Edward Jiang1, Bronwyn Laycock2, Pratheep K. Annamalai1, Nasim Amiralian1, Darren J. Martin1*


1Australian Institute for Bioengineering & Nanotechnology, The University of Queensland, St Lucia, Queensland, Australia
School of Chemical Engineering, The University of Queensland, Advanced Engineering Building, St Lucia, Queensland, Australia


The industrial uptake of strong and ultra-lightweight carbon fiber composites has been severely limited by the high cost of the petroleum-derived polyacrylonitrile (PAN) precursor as well as the energy input required for the manufacturing process. In this work, we show that the incorporation of 0.10% nanocellulose into a wet-spun PAN precursor fibre, can result in up to a 500% increase in the modulus, and a 700% increase in the strength of the final carbonised fibre (Figure 1). This is particularly important given that the mechanical performance of a carbon fibre is directly proportional to the amount of heat energy consumed in the manufacturing process. Through this, the use of functional nanocellulose fillers offers a unique approach to reduce the energy costs of the carbon fibre manufacturing process.

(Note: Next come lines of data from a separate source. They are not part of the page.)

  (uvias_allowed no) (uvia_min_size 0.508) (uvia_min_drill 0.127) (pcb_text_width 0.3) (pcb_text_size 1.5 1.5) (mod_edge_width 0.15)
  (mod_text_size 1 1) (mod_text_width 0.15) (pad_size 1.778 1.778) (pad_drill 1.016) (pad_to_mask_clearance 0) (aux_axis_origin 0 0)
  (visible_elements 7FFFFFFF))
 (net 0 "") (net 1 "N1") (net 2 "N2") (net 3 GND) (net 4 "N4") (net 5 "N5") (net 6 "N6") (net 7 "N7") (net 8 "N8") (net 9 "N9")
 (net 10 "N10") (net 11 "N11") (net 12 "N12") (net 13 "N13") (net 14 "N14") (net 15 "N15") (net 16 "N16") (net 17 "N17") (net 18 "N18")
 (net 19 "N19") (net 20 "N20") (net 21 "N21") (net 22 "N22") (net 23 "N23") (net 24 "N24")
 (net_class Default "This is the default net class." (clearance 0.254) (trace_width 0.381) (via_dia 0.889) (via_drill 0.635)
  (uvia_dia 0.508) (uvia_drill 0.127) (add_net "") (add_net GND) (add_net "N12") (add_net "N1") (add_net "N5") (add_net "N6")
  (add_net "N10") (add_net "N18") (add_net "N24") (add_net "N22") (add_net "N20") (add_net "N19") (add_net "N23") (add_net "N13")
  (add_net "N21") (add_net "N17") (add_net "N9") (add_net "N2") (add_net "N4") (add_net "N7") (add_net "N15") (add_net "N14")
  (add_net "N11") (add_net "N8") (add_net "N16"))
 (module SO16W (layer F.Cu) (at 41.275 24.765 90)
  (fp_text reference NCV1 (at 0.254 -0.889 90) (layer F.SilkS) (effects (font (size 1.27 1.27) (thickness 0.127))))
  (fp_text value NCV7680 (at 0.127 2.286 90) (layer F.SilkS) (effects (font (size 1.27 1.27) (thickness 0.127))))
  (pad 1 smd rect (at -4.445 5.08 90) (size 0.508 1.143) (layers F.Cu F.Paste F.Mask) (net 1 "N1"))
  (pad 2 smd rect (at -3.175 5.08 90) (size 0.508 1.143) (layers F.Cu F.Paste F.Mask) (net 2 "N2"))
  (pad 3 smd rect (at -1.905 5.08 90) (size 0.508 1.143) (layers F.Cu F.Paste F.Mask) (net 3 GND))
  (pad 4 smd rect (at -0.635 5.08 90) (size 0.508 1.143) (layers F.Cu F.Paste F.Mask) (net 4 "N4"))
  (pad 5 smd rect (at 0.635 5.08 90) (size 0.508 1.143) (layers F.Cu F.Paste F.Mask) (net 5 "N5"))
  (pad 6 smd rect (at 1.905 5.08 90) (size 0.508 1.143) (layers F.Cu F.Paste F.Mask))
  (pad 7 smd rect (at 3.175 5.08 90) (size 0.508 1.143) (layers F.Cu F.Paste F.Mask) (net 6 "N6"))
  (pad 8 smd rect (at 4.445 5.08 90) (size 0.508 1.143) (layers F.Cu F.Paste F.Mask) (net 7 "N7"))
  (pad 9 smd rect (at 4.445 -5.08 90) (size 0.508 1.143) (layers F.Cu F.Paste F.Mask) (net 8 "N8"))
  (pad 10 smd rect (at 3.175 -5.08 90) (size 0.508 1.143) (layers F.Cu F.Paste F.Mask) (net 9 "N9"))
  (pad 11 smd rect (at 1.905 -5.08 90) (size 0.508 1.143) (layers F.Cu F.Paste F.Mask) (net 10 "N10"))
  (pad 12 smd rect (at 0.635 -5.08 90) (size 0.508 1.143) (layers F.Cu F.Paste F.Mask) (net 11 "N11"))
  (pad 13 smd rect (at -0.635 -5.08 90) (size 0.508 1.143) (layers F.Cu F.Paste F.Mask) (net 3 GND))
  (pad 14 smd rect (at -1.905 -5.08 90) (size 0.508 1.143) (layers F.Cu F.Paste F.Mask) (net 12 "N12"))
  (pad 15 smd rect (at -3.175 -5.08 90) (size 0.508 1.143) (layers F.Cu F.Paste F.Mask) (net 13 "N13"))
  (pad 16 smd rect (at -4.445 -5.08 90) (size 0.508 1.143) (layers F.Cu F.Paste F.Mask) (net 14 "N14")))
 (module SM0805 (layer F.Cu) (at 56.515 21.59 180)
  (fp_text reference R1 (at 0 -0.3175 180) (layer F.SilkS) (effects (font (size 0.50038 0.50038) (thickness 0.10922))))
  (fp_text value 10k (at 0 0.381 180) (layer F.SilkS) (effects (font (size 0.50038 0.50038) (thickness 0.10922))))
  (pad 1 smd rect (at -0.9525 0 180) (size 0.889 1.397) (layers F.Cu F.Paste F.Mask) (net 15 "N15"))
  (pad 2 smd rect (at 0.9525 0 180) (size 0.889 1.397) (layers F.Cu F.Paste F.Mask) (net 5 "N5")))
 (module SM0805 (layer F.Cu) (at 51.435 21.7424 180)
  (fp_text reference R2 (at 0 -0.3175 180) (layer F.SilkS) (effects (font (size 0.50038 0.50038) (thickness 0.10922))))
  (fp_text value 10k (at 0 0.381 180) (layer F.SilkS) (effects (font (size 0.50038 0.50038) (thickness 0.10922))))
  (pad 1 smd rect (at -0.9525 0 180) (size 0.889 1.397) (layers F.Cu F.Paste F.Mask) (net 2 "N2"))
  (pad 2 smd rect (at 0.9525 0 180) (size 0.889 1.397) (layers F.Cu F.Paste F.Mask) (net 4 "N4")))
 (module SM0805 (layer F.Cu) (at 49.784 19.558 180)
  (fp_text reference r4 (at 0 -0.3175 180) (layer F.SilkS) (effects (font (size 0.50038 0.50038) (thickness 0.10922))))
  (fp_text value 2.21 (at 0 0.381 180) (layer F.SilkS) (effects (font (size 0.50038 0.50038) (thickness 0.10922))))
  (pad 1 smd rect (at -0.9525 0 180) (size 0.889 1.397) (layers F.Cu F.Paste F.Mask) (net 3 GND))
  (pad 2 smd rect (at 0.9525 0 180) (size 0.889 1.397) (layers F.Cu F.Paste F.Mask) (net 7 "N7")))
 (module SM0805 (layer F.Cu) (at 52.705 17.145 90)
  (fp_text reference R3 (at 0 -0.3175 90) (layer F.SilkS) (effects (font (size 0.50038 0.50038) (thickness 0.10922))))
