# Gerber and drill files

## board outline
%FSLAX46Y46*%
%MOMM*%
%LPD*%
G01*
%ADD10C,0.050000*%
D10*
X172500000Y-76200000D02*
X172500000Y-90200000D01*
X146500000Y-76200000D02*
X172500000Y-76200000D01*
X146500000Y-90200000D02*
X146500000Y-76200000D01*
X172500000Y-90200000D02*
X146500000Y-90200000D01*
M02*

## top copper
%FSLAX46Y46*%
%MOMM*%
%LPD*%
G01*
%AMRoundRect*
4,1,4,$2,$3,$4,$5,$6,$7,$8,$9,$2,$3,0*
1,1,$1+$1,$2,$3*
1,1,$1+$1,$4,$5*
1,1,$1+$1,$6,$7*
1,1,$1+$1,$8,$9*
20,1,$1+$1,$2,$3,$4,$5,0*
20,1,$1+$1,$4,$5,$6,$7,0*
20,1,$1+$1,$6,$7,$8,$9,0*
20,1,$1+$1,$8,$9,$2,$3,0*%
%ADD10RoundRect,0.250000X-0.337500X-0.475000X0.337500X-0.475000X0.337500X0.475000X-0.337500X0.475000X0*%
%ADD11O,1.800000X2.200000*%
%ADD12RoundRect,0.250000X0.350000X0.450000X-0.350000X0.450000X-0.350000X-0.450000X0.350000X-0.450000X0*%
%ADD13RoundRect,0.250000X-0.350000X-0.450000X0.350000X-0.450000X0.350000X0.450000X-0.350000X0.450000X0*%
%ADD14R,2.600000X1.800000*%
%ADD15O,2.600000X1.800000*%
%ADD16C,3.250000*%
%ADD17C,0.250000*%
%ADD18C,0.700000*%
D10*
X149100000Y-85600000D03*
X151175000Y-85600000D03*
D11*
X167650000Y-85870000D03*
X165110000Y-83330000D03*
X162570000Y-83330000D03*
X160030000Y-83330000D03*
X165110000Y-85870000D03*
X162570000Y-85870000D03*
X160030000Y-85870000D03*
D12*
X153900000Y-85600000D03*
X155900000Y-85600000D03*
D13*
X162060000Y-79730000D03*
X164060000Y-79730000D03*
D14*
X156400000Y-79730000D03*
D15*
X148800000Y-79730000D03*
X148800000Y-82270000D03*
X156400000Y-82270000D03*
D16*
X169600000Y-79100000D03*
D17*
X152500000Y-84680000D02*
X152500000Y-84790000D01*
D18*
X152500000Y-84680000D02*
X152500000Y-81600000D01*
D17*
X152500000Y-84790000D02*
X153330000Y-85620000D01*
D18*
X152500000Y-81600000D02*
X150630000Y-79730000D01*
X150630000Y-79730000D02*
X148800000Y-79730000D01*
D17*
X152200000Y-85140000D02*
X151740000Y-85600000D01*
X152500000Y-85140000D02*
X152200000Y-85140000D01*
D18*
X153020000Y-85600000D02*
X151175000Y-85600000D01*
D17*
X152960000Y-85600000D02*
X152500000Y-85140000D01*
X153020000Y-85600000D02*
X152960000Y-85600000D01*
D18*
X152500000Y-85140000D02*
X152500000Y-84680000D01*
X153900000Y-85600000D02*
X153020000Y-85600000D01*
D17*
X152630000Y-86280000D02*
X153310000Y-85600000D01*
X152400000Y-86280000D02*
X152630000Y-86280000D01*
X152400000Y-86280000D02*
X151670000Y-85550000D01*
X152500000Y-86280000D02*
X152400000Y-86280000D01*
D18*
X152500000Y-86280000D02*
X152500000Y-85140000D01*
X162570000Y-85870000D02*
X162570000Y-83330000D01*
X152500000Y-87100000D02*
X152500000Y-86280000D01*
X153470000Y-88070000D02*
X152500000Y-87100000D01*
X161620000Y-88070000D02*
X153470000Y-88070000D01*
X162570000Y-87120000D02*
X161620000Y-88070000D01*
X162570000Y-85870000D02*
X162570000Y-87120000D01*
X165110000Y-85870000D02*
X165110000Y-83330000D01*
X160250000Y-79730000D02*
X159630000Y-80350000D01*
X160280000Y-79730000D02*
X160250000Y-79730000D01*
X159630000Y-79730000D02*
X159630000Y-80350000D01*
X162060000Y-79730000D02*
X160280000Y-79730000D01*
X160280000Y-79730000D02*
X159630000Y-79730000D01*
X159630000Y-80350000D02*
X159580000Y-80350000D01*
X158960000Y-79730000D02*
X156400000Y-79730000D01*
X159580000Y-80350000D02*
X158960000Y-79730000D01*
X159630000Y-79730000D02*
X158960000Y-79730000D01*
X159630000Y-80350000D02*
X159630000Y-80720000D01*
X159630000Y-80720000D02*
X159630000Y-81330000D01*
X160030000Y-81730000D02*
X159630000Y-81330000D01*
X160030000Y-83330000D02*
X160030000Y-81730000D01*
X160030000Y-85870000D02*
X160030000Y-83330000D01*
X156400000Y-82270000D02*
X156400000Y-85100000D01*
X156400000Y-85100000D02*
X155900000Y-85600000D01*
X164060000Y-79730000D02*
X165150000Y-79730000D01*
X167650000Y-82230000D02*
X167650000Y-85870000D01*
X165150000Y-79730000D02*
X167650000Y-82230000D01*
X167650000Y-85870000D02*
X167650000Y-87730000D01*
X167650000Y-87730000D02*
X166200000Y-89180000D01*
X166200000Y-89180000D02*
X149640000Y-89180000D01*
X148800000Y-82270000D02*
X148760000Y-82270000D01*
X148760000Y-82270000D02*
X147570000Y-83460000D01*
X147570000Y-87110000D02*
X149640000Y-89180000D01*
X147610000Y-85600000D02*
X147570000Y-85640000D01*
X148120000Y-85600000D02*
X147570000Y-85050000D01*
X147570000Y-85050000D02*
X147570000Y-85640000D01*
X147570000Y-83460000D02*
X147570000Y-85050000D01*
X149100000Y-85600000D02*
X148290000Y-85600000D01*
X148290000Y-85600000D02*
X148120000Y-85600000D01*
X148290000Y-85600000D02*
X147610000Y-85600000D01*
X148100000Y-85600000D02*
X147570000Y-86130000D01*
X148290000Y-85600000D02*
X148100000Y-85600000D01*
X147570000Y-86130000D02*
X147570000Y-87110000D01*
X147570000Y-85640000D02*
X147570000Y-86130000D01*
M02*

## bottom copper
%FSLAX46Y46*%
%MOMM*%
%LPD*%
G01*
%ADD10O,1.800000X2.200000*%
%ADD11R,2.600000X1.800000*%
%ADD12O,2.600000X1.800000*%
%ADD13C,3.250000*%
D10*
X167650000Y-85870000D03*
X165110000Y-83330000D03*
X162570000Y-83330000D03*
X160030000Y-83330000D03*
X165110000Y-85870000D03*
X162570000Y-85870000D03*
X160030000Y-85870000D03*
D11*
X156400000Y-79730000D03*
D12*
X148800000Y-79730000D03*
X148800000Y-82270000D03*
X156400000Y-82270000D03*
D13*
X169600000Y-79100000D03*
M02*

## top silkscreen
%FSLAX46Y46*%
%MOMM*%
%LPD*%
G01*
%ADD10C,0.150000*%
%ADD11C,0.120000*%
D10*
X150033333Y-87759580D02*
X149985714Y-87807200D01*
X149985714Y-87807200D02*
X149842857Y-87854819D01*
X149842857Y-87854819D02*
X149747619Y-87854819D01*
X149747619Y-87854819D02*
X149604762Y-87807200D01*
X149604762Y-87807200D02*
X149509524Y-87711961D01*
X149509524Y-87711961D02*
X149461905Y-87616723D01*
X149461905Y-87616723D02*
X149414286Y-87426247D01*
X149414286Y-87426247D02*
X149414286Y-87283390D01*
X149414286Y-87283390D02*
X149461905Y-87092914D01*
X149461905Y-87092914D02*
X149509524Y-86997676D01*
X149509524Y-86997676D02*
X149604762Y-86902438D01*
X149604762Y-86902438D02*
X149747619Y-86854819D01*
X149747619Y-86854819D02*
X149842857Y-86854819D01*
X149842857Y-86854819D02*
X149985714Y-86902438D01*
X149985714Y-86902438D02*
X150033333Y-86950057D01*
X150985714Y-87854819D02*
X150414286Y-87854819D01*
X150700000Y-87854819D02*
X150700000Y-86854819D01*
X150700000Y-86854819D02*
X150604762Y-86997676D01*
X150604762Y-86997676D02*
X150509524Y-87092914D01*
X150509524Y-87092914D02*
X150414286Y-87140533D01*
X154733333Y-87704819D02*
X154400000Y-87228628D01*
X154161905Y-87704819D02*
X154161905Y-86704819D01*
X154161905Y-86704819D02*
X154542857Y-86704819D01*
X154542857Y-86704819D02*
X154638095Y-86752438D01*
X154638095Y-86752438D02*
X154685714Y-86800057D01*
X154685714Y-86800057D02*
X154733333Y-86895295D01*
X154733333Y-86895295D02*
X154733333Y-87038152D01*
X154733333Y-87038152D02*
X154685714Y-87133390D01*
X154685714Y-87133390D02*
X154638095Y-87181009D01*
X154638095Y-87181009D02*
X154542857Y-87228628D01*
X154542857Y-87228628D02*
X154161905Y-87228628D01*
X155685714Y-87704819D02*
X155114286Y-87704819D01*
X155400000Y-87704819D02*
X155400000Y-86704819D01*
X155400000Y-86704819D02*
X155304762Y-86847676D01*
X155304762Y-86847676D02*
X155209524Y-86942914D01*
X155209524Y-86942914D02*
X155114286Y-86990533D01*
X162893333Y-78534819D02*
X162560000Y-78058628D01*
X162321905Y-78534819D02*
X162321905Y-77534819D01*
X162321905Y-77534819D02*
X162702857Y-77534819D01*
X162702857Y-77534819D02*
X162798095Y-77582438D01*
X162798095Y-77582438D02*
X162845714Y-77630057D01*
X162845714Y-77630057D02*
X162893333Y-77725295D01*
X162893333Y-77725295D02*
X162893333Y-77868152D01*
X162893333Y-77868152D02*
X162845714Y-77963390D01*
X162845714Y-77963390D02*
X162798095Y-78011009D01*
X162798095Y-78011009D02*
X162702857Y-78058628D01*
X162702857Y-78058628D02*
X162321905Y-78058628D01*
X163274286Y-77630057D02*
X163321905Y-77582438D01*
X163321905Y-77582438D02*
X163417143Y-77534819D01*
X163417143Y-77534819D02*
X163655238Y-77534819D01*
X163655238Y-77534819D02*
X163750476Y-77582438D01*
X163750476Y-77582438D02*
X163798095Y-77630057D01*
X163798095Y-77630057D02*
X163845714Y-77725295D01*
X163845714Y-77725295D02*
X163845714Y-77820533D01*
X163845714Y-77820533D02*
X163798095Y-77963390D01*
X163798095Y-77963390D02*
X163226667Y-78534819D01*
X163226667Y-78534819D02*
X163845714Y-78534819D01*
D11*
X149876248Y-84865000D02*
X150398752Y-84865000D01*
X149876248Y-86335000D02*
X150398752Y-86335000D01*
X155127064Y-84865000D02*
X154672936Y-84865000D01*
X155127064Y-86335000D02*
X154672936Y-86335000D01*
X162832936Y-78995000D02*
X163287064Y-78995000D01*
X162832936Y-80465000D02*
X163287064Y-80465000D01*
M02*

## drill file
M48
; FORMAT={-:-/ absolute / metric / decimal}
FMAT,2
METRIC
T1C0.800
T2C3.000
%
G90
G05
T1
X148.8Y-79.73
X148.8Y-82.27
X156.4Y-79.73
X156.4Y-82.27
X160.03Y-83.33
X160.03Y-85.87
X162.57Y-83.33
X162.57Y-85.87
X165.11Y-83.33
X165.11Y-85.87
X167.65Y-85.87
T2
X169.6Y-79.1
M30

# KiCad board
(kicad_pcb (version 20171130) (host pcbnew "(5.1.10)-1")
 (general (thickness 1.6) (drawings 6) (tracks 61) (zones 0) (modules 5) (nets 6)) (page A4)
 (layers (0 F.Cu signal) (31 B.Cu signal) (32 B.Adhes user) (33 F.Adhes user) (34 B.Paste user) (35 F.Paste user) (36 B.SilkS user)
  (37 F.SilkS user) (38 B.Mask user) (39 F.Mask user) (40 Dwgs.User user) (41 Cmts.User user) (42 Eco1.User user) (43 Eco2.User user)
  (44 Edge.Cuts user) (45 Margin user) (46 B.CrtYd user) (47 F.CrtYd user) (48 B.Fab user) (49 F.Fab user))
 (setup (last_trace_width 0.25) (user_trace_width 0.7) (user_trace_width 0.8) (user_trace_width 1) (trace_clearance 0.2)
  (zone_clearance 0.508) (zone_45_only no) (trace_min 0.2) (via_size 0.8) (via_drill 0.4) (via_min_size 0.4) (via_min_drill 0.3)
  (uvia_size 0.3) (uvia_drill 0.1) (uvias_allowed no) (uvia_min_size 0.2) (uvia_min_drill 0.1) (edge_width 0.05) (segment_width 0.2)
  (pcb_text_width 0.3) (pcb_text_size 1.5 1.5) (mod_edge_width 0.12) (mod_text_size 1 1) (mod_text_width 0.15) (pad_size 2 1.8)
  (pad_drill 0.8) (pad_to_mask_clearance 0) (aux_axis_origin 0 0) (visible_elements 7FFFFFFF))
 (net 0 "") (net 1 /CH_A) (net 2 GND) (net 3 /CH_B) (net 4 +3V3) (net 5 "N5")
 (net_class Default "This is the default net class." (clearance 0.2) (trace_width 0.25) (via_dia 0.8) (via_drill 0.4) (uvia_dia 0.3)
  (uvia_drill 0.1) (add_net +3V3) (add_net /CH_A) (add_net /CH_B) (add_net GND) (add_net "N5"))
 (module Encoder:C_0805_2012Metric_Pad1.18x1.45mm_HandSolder (layer F.Cu) (at 150.1375 85.6)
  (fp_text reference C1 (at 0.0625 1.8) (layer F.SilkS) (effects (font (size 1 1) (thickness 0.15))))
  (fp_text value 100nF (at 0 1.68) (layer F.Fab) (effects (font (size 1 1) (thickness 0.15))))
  (fp_line (start -0.261252 -0.735) (end 0.261252 -0.735) (layer F.SilkS) (width 0.12))
  (fp_line (start -0.261252 0.735) (end 0.261252 0.735) (layer F.SilkS) (width 0.12))
  (pad 1 smd roundrect (at -1.0375 0) (size 1.175 1.45) (layers F.Cu F.Paste F.Mask) (roundrect_rratio 0.212766) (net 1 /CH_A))
  (pad 2 smd roundrect (at 1.0375 0) (size 1.175 1.45) (layers F.Cu F.Paste F.Mask) (roundrect_rratio 0.212766) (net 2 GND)))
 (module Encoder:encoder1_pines (layer B.Cu) (at 165.11 80.79 180)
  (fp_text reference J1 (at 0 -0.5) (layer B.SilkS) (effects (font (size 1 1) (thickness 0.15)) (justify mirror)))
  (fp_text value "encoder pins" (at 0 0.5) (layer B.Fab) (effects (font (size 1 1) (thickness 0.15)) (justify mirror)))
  (pad 1 thru_hole oval (at -2.54 -5.08 90) (size 2.2 1.8) (drill 0.8) (layers *.Cu *.Mask) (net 1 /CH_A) (solder_mask_margin 0.102))
  (pad 2 thru_hole oval (at 0 -2.54 90) (size 2.2 1.8) (drill 0.8) (layers *.Cu *.Mask) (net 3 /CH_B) (solder_mask_margin 0.102))
  (pad 3 thru_hole oval (at 2.54 -2.54 90) (size 2.2 1.8) (drill 0.8) (layers *.Cu *.Mask) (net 2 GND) (solder_mask_margin 0.102))
  (pad 4 thru_hole oval (at 5.08 -2.54 90) (size 2.2 1.8) (drill 0.8) (layers *.Cu *.Mask) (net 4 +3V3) (solder_mask_margin 0.102))
  (pad 2 thru_hole oval (at 0 -5.08 90) (size 2.2 1.8) (drill 0.8) (layers *.Cu *.Mask) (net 3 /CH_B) (solder_mask_margin 0.102))
  (pad 3 thru_hole oval (at 2.54 -5.08 90) (size 2.2 1.8) (drill 0.8) (layers *.Cu *.Mask) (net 2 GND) (solder_mask_margin 0.102))
  (pad 4 thru_hole oval (at 5.08 -5.08 90) (size 2.2 1.8) (drill 0.8) (layers *.Cu *.Mask) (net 4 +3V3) (solder_mask_margin 0.102)))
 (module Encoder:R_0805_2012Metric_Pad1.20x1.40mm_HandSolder (layer F.Cu) (at 154.9 85.6 180)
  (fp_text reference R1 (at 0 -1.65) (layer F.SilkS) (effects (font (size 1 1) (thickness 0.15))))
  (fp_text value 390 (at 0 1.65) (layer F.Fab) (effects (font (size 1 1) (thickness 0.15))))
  (fp_line (start -0.227064 0.735) (end 0.227064 0.735) (layer F.SilkS) (width 0.12))
  (fp_line (start -0.227064 -0.735) (end 0.227064 -0.735) (layer F.SilkS) (width 0.12))
  (pad 2 smd roundrect (at 1 0 180) (size 1.2 1.4) (layers F.Cu F.Paste F.Mask) (roundrect_rratio 0.208333) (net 2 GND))
  (pad 1 smd roundrect (at -1 0 180) (size 1.2 1.4) (layers F.Cu F.Paste F.Mask) (roundrect_rratio 0.208333) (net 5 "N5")))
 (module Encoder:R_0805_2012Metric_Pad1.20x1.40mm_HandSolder (layer F.Cu) (at 163.06 79.73)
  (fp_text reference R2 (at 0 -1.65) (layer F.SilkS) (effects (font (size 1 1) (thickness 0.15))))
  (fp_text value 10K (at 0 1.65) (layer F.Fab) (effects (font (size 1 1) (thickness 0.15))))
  (fp_line (start -0.227064 -0.735) (end 0.227064 -0.735) (layer F.SilkS) (width 0.12))
  (fp_line (start -0.227064 0.735) (end 0.227064 0.735) (layer F.SilkS) (width 0.12))
  (pad 1 smd roundrect (at -1 0) (size 1.2 1.4) (layers F.Cu F.Paste F.Mask) (roundrect_rratio 0.208333) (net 4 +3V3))
  (pad 2 smd roundrect (at 1 0) (size 1.2 1.4) (layers F.Cu F.Paste F.Mask) (roundrect_rratio 0.208333) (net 1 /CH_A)))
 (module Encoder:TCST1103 (layer B.Cu) (at 152.6 81 180)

To this end, we have tracked the chemical and mechanical changes of various wet spun nanocellulose-polyacrylonitrile composite fibres through both the thermal stabilisation and carbonisation processes. Mechanical and structural characterisation data indicate the profound effect nanocellulose fillers can have on the carbon fibre produced, while chemical monitoring through the stabilisation process has yielded new insights to our understanding of the key thermochemical reactions of traditional PAN-based carbon fibres. The effect of the aspect ratio of different nanocellulose fillers on the carbon fibre properties will also be discussed. This work provides the basis for future studies towards developing a more environmentally-friendly pure nanocellulose-based carbon fibre.